The Perfect Neighbor Review: Examining a Infamous Incident Via the Lens of a Florida Cop's Body Camera
The true crime genre has a new medium, or perhaps even a completely fresh vocabulary and structure: police body cam footage. Countenances of those harmed, observers and possible perpetrators loom up to the cameras, at times in the intense brightness of headlights or torches as the police arrive, their faces and voices eloquent of wariness or panic or indignation or suspiciously contrived innocence. And we often catch sight of the expressions of the law enforcement personnel, one standing by blankly while the other conducts the inquiry with what occasionally seems like remarkable hesitation – though maybe this is because they know they are being recorded.
An Emerging Pattern in Non-Fiction Cinema
We have already had the streaming service true-crime documentary American Murder: Gabby Petito, about the slaying of an Instagram influencer by her boyfriend, whose main point of interest was officer recordings and in which, as in this film, the police seemed extraordinarily lax with the perpetrator. There is also the acclaimed short film Incident by Bill Morrison, composed entirely of officer footage. Now comes Geeta Gandbhir’s documentary about the grim case of a Florida mother in a city in Florida, a African American woman whose four young kids allegedly harassed and tormented her white neighbour, a local resident. In 2023, after an escalating series of neighbour-dispute incidents in which the police were summoned multiple times, the accused fatally shot Owens through her closed front door, when Owens went to the neighbor's residence to confront her about throwing objects at her children.

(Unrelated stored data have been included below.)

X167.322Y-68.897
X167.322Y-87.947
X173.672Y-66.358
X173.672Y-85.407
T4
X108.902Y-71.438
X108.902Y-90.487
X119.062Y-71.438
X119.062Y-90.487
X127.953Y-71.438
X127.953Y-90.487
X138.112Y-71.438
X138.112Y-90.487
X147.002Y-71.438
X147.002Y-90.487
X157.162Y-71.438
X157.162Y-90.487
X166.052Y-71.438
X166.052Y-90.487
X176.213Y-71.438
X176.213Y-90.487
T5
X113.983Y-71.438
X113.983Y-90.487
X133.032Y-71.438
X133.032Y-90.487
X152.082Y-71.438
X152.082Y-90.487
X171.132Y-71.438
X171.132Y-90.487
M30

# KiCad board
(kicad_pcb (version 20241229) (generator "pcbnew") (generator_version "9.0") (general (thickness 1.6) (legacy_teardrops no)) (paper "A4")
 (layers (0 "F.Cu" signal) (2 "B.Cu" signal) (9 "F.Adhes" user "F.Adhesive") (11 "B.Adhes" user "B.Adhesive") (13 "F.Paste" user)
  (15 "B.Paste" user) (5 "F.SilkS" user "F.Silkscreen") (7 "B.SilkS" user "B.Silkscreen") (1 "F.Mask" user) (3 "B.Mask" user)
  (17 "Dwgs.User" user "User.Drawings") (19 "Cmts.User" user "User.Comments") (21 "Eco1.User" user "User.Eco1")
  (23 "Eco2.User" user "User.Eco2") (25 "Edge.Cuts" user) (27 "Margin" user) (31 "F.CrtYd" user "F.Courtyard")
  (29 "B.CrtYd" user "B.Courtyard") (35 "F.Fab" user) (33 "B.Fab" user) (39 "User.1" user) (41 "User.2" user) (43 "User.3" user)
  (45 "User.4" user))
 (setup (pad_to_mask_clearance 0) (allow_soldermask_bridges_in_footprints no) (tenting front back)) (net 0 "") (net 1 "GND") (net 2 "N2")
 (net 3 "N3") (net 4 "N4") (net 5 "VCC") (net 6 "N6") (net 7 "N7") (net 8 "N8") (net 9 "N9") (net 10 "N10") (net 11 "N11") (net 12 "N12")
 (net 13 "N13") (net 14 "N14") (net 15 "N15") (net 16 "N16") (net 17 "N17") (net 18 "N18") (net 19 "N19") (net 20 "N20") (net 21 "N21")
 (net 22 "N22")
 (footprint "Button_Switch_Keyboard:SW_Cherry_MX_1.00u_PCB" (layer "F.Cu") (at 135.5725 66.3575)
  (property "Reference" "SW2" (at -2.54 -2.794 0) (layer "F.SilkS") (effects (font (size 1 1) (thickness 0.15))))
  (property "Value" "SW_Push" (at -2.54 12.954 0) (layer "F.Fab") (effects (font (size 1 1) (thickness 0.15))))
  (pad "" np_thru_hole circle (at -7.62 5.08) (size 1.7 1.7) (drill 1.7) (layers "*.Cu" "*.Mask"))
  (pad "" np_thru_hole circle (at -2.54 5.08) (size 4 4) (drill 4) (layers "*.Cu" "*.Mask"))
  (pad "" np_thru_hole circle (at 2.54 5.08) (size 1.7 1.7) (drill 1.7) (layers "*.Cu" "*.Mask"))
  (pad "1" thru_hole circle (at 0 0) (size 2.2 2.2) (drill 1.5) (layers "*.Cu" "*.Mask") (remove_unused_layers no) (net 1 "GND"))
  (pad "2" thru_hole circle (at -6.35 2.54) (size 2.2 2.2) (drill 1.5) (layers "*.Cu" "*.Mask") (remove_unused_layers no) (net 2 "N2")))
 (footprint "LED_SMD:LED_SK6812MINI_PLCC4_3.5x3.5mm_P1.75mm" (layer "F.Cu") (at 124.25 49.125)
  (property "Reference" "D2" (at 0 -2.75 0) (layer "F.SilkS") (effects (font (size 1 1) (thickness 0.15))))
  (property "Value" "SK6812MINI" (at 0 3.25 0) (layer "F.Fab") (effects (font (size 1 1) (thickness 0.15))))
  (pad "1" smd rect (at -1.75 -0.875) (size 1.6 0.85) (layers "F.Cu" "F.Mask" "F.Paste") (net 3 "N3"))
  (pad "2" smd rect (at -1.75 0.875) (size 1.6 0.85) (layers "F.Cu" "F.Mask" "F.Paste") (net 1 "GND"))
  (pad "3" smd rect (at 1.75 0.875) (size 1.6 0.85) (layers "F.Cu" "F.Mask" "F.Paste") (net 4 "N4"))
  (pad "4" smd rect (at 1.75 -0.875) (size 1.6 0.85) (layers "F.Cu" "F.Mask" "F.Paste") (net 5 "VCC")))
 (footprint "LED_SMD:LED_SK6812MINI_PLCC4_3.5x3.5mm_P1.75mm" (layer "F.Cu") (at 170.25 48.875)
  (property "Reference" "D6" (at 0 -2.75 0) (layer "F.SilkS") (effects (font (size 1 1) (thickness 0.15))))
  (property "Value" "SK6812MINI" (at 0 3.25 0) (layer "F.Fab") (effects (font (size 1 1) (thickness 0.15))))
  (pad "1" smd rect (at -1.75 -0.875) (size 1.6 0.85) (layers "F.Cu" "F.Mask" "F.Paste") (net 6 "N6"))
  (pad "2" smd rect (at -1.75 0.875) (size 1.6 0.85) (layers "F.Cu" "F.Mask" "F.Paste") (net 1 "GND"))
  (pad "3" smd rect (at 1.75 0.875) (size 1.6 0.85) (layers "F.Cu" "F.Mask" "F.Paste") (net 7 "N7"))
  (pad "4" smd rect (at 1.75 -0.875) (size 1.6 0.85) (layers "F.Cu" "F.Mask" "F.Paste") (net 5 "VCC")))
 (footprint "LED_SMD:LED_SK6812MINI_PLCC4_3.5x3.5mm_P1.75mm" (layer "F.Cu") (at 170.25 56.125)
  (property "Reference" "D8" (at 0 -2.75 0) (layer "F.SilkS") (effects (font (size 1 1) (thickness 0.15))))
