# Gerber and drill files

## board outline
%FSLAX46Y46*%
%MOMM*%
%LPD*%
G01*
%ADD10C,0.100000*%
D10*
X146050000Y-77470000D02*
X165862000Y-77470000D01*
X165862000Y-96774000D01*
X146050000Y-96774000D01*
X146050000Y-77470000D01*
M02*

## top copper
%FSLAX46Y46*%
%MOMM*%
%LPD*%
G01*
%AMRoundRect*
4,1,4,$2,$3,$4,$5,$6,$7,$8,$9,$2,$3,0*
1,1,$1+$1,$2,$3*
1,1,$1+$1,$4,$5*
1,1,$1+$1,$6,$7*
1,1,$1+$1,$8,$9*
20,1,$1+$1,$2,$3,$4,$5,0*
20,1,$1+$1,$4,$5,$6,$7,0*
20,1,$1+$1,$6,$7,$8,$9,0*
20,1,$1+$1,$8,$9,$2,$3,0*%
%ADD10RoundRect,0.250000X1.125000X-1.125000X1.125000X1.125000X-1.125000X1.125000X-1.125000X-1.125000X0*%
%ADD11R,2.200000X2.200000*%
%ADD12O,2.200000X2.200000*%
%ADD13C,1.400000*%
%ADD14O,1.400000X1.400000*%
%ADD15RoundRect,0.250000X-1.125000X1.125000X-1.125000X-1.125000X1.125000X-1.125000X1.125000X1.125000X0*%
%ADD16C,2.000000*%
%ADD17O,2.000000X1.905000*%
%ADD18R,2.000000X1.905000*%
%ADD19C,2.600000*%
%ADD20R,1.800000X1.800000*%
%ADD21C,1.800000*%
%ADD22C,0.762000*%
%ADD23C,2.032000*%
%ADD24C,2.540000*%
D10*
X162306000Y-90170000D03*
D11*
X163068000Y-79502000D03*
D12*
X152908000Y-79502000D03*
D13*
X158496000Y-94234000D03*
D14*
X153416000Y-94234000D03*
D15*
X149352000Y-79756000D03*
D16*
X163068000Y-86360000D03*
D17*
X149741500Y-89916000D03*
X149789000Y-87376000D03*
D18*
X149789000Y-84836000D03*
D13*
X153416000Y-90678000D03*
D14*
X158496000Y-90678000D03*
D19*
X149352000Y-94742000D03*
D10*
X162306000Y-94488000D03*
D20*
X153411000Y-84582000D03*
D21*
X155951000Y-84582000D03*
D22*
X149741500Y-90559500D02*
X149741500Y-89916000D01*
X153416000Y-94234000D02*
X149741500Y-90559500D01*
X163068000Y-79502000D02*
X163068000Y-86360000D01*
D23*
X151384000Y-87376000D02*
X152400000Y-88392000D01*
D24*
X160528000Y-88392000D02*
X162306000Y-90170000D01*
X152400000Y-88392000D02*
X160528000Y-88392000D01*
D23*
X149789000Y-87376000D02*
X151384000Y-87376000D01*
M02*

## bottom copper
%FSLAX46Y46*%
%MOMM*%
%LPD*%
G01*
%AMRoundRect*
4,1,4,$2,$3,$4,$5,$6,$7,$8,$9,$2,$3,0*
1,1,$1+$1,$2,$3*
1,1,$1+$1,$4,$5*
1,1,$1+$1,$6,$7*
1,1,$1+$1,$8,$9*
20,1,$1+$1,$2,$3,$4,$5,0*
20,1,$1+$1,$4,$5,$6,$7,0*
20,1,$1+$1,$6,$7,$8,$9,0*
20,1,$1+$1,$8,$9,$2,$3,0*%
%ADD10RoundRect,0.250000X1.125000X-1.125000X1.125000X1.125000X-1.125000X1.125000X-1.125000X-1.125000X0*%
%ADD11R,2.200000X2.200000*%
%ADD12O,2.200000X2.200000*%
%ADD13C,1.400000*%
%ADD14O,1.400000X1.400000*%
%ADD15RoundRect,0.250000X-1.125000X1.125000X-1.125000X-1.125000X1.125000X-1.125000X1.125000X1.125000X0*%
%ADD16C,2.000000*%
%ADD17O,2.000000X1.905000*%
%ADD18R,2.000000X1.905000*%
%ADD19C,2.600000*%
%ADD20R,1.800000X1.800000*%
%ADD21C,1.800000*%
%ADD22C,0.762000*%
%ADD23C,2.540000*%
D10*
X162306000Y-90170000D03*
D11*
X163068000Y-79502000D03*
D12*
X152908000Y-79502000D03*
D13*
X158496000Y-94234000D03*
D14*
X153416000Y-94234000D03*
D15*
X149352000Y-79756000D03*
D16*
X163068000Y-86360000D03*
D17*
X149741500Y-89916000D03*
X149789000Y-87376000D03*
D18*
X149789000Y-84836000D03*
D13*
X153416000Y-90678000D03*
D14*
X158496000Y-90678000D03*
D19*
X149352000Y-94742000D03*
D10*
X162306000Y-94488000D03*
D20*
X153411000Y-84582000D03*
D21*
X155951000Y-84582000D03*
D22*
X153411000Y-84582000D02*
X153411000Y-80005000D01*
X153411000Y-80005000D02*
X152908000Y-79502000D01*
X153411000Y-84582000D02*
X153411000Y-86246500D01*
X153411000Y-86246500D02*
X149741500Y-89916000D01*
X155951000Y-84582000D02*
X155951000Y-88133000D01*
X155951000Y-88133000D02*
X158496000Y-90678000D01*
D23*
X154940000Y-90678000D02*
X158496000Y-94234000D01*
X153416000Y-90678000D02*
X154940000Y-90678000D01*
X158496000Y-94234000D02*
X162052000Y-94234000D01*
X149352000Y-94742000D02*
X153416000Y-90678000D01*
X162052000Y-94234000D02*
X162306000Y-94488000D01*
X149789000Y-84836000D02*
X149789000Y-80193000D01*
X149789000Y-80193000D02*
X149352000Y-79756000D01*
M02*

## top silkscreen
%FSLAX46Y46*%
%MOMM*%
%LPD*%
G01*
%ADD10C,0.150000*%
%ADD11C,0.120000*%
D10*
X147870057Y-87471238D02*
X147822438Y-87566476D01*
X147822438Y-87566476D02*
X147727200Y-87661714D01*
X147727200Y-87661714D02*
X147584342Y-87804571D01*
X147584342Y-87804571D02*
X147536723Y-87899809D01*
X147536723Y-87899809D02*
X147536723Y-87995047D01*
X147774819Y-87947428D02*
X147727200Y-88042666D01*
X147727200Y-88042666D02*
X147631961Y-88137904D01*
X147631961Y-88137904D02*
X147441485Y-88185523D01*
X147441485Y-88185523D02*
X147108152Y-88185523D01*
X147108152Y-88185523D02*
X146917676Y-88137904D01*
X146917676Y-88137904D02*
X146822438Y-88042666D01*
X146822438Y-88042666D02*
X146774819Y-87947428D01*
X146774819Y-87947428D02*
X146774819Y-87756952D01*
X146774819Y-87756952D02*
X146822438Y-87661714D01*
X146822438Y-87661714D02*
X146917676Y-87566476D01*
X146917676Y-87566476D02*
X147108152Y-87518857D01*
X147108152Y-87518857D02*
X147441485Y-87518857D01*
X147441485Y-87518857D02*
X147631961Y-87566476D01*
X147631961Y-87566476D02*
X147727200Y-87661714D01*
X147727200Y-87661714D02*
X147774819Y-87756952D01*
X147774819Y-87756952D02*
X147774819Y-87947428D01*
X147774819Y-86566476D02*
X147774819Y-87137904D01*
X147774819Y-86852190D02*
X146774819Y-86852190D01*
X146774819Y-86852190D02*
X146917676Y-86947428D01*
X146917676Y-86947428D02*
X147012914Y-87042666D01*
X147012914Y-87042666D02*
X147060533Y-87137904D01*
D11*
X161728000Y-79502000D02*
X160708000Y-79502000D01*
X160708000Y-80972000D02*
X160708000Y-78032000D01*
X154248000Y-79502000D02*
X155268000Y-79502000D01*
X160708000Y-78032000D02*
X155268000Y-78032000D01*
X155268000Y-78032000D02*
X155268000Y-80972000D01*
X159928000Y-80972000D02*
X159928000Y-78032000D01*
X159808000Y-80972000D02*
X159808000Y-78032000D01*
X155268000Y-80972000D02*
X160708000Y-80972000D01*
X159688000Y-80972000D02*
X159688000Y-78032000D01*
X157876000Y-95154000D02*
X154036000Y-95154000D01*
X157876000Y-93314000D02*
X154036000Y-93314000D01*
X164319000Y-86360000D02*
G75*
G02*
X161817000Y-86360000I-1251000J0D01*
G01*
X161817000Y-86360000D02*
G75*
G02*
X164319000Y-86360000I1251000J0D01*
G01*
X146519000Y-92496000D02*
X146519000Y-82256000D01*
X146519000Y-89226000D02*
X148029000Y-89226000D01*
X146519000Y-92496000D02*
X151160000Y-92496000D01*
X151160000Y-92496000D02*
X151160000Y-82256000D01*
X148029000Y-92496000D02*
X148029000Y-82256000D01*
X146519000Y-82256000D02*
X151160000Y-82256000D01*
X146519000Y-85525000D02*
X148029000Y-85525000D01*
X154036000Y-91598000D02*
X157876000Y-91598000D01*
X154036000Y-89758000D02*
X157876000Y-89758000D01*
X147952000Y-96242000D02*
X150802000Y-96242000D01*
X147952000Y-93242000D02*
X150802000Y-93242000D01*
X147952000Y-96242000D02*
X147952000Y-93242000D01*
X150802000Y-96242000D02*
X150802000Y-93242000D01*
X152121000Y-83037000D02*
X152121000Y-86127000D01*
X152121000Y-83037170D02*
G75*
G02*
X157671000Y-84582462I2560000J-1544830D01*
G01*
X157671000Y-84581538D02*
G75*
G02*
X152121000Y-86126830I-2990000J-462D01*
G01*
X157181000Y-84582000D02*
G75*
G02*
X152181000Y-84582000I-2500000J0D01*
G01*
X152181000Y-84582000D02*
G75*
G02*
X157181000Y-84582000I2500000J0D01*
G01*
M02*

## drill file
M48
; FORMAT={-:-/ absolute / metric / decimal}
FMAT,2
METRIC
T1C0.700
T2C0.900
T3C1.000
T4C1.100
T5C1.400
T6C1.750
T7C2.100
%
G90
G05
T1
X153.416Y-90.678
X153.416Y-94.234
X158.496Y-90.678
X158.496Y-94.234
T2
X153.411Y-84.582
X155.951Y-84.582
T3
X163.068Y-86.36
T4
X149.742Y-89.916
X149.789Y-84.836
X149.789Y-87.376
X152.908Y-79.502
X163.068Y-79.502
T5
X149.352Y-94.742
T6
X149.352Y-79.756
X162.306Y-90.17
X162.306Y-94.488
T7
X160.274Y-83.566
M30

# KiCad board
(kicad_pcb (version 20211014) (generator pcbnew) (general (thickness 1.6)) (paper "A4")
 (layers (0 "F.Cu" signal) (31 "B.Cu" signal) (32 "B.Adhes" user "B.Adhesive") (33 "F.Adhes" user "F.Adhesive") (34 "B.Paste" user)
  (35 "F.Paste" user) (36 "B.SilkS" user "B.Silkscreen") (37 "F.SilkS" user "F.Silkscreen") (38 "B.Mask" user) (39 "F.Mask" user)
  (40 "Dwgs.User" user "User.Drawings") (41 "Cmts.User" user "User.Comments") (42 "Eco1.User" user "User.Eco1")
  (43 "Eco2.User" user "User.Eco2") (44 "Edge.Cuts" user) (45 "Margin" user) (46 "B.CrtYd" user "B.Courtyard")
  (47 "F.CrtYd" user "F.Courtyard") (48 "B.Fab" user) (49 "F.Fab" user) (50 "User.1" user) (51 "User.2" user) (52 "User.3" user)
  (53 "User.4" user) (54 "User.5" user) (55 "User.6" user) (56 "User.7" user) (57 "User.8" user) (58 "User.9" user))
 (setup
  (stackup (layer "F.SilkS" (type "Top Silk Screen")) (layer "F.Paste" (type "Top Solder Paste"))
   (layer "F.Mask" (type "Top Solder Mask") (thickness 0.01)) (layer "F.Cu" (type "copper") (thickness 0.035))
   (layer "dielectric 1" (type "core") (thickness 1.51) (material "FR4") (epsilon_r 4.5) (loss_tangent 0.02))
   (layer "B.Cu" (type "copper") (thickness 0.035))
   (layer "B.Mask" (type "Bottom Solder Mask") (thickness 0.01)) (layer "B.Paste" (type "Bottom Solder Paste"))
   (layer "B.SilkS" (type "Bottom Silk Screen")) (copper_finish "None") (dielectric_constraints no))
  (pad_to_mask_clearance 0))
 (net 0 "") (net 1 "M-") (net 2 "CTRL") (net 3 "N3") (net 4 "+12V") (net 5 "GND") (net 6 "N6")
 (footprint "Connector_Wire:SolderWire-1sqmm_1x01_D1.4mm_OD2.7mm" (layer "F.Cu") (at 162.306 90.17 90)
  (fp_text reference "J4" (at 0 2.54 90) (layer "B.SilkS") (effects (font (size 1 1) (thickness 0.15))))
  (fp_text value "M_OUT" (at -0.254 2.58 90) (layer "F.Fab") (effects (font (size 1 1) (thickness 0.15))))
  (pad "1" thru_hole roundrect (at 0 0 90) (size 2.75 2.75) (drill 1.75) (layers *.Cu *.Mask) (roundrect_rratio 0.090909) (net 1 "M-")))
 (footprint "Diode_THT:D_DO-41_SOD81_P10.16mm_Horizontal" (layer "F.Cu") (at 163.068 79.502 180)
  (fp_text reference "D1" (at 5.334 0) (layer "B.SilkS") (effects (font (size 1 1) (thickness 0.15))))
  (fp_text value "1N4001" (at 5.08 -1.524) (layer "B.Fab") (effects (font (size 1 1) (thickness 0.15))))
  (fp_line (start 1.34 0) (end 2.36 0) (layer "F.SilkS") (width 0.12))
  (fp_line (start 2.36 -1.47) (end 2.36 1.47) (layer "F.SilkS") (width 0.12))
  (fp_line (start 8.82 0) (end 7.8 0) (layer "F.SilkS") (width 0.12))
  (fp_line (start 2.36 1.47) (end 7.8 1.47) (layer "F.SilkS") (width 0.12))
  (fp_line (start 7.8 1.47) (end 7.8 -1.47) (layer "F.SilkS") (width 0.12))
  (fp_line (start 3.14 -1.47) (end 3.14 1.47) (layer "F.SilkS") (width 0.12))
  (fp_line (start 3.26 -1.47) (end 3.26 1.47) (layer "F.SilkS") (width 0.12))
  (fp_line (start 7.8 -1.47) (end 2.36 -1.47) (layer "F.SilkS") (width 0.12))
  (fp_line (start 3.38 -1.47) (end 3.38 1.47) (layer "F.SilkS") (width 0.12))
  (pad "1" thru_hole rect (at 0 0 180) (size 2.2 2.2) (drill 1.1) (layers *.Cu *.Mask) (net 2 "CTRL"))
  (pad "2" thru_hole oval (at 10.16 0 180) (size 2.2 2.2) (drill 1.1) (layers *.Cu *.Mask) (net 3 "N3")))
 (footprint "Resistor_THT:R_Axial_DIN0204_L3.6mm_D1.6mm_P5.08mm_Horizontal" (layer "F.Cu") (at 158.496 94.234 180)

The Police Inquiry and Legal Context
The arresting officers found evidence that the suspect had done online research into the state's self-defense statutes, which allow residents and others to shoot if there is a reasonable belief of danger. The documentary constructs its narrative with the officer recordings captured during the repeated police visits to the scene before the killing, and then at the disturbing and disordered incident site itself – prefaced by 911 audio material of the caller calling the police in a dramatically trembling voice. There is also police cell footage of Lorincz which has a chilly, queasy fascination.
Portrayal of the Accused
The film does not really imply anything too complicated about the neighbor, or any extenuating circumstance. She is obviously disturbed, although the children are heard calling her a derogatory term, an ugly jibe. The production is presented as an example of how “stand your ground” laws generate senseless and tragic bloodshed. But the reality of gun ownership and the second amendment (that longstanding U.S. legal right that a deceased pundit notoriously said made firearm fatalities a necessary cost) is not much highlighted.
Police Interrogation and Firearm Norms
It is possible to watch the officer questioning segments here and feel astonished at how minimal concern the officers took in this aspect. At what time did she purchase the firearm? Where (if anywhere) did she train in its use? Was this the first time she discharged the weapon? Where did she store it in the house? Was it just on the couch, loaded and ready? The authorities aren’t shown asking any of these surely relevant questions (though they may have done in recordings that didn’t make the edit). Or is gun ownership so normal it would be like asking about microwaves or toasters?
Arrest and Aftermath
For what seemed to her neighbors a very long time, the suspect was not even taken into custody and indicted, only held and even provided accommodation away from home for the night (another point of comparison, incidentally, with the a prior incident). And when she was finally formally arrested in the detention area, there is an remarkable scene in which the individual simply declines to rise, refuses to put her wrists out for the handcuffs, not hostilely, but with the politely self-pitying air of someone whose mental health means that she just can’t do it. Did the gentle handling up until that point led her to think that this might actually work?
Final Outcome and Judgment
It was not successful; and the jury’s verdict is revealed in the closing credits. A very sombre portrayal of American crime and punishment.